I received physical therapy (PT) and occupational therapy (OT) for six months to help regain my motor skills. I felt scared and frustrated that I couldn't run and play like before. Other children in my neighborhood made fun of me or picked on me because I couldn’t do things like before. I had leg pain and felt sick to my stomach a lot.

During kindergarten, I began having complex partial seizures again. Before medication, my seizures looked a lot like grand mal seizures with all the physical symptoms and while on medicine I sometimes experienced milder seizures when I wasn't alert for short periods of time. I had appointments with a pediatric neurologist for seven years who prescribed periodic EEGs and medication through sixth grade. I also had periodic MRIs for ten years to evaluate for tumor growth. Doctors said the brain tumor and seizures were two completely separate medical conditions.

School was hard, I couldn’t remember letters or words and received consequences; like detentions, office referrals, being moved to the “safe seat” or hallway, and skipping recess; because I bumped into other students and when I was frustrated or overwhelmed and couldn’t respond.  During kindergarten, my parents had me evaluated by a child development specialist who said I was an unusual case and in first grade I was evaluated in school for a Special Ed Individual Education Plan (IEP).

Before third grade I had a brain injury assessment at Madonna. The PT asked me if I fell down a lot and told us she didn’t know how I stood up as I was using my muscles all wrong to compensate for my lack of balance. She prescribed physical therapy and shoe orthotics so my feet would give my brain better information. The local PT had said I just needed new shoes more often. I was also evaluated by OT, speech, and neuropsychology, who confirmed my disabilities were real, including physical, academic, executive functioning and emotion control. I had two more brain injury assessments, before entering middle school and high school, attempting to give the school current information about my disabilities. 

School continues to be difficult, from kindergarten through high school; with many office referrals, detentions, and adults not providing my IEP accommodations even when I attempt to self-advocate. Calling me names has been acceptable, with adults often telling me it wasn’t that bad or that we didn’t report it correctly. I often beg my parents to not go to school or allow me to leave school early. The underlying feeling is always that my disabilities aren’t real and I’m just not trying. My parents often meet with teachers and administrators to explain my brain injury, provide materials for them to read, and request extra IEP meetings - inviting additional people to help expand understanding. Sometimes the school backs off the punishments for a while, until I switch teachers and the process starts all over.
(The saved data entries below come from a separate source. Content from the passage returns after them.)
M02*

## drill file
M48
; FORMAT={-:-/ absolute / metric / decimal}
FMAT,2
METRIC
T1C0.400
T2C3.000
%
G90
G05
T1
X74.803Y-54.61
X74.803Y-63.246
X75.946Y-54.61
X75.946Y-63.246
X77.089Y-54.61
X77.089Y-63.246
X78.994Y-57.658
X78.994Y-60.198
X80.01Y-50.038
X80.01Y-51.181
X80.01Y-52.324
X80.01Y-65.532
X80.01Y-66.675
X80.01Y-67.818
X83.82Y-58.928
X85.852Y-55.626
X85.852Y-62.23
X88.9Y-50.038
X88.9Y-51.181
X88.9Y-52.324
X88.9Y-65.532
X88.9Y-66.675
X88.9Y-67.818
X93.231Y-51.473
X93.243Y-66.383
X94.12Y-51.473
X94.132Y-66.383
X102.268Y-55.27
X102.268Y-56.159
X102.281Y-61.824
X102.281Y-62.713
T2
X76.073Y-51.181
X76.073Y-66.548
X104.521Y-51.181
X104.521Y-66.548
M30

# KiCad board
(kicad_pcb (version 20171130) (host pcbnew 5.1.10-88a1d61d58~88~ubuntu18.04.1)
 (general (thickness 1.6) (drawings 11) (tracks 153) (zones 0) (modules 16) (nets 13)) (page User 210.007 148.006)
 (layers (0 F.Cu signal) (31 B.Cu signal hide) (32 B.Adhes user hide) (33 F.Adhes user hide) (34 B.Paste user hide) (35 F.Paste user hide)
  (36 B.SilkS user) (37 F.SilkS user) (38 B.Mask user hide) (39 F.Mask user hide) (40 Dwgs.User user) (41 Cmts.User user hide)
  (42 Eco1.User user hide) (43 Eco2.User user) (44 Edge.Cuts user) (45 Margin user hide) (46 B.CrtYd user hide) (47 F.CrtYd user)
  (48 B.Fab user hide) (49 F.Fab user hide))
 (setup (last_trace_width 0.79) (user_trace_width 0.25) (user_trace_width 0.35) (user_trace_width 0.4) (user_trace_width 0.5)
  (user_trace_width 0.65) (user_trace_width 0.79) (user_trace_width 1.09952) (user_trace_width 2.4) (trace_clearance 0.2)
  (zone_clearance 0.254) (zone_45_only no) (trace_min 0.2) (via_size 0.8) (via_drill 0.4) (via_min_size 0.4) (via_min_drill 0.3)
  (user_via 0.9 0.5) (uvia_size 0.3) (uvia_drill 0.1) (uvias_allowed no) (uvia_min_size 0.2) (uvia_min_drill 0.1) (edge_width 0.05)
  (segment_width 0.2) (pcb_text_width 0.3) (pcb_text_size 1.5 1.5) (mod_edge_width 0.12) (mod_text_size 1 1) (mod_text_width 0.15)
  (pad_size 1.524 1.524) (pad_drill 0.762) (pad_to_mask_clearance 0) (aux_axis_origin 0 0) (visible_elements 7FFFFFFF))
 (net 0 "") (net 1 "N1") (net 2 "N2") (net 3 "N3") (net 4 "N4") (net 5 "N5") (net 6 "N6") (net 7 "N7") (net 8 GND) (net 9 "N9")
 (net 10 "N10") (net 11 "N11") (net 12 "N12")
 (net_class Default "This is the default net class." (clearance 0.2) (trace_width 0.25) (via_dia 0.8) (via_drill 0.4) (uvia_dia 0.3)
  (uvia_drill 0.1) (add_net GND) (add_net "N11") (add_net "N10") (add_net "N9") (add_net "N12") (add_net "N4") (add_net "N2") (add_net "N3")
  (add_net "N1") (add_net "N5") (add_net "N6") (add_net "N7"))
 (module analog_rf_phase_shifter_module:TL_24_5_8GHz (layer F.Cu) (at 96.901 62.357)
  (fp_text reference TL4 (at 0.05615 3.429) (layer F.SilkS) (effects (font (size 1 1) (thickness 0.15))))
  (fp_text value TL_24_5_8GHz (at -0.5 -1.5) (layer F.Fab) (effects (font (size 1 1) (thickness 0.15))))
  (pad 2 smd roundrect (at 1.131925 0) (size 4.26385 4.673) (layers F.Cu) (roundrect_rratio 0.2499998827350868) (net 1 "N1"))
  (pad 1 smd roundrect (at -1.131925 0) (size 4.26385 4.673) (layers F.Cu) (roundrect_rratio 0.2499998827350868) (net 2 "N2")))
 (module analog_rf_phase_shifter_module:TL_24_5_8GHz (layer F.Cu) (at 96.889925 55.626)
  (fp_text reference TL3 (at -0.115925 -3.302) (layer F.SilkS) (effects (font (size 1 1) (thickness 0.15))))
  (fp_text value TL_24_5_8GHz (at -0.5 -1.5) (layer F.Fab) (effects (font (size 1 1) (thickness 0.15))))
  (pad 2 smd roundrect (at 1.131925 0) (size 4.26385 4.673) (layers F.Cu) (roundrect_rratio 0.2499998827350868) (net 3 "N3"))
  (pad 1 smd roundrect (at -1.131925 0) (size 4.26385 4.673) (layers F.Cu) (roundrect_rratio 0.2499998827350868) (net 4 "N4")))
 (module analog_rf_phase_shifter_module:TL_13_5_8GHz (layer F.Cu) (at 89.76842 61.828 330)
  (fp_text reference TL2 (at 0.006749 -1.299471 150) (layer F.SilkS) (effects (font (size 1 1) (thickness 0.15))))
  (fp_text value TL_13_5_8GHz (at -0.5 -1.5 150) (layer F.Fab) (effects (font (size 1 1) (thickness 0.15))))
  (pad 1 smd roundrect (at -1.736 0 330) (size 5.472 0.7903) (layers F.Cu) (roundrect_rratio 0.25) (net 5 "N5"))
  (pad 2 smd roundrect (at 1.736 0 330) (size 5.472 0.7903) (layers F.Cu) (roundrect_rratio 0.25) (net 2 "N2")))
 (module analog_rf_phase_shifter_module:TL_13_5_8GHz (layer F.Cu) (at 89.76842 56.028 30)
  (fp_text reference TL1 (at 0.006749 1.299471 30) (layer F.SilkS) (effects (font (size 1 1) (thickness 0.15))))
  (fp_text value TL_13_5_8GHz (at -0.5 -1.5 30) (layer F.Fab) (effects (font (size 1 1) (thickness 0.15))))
For my May 2019 Multi-Disciplinary Team (MDT) testing review (MDT testing is required every three years to validate IEP identification) and IEP meeting, the neuropsychologist who’d performed my most recent evaluation joined the meeting by phone.  She mostly listened to the meeting and gave a summary statement before hanging up, that she didn’t understand the culture at my school because I’d overcome so much with brain injury and instead of providing me support to be successful, they were penalizing me for small things. During that MDT, my IEP identification was changed from Other Health Impaired (OHI) to Traumatic Brain Injury (TBI).  In the past the school and Nebraska Department of Education indicated that I could not be identified as TBI because my brain injury was acquired rather than traumatic.  By changing my IEP identification to TBI, I hope teachers will better understand my disabilities. When you treat a brain injury like a behavior disorder, you often get the opposite response. 

My parents continue to work with the school on accommodations rather than punishments of taking away activities I do well and enjoy like basketball and track.

I am currently a high school junior and in the future, I hope to share my enjoyment of sports. I would like to use my personal experience to help students succeed by being understanding and supportive of people like me.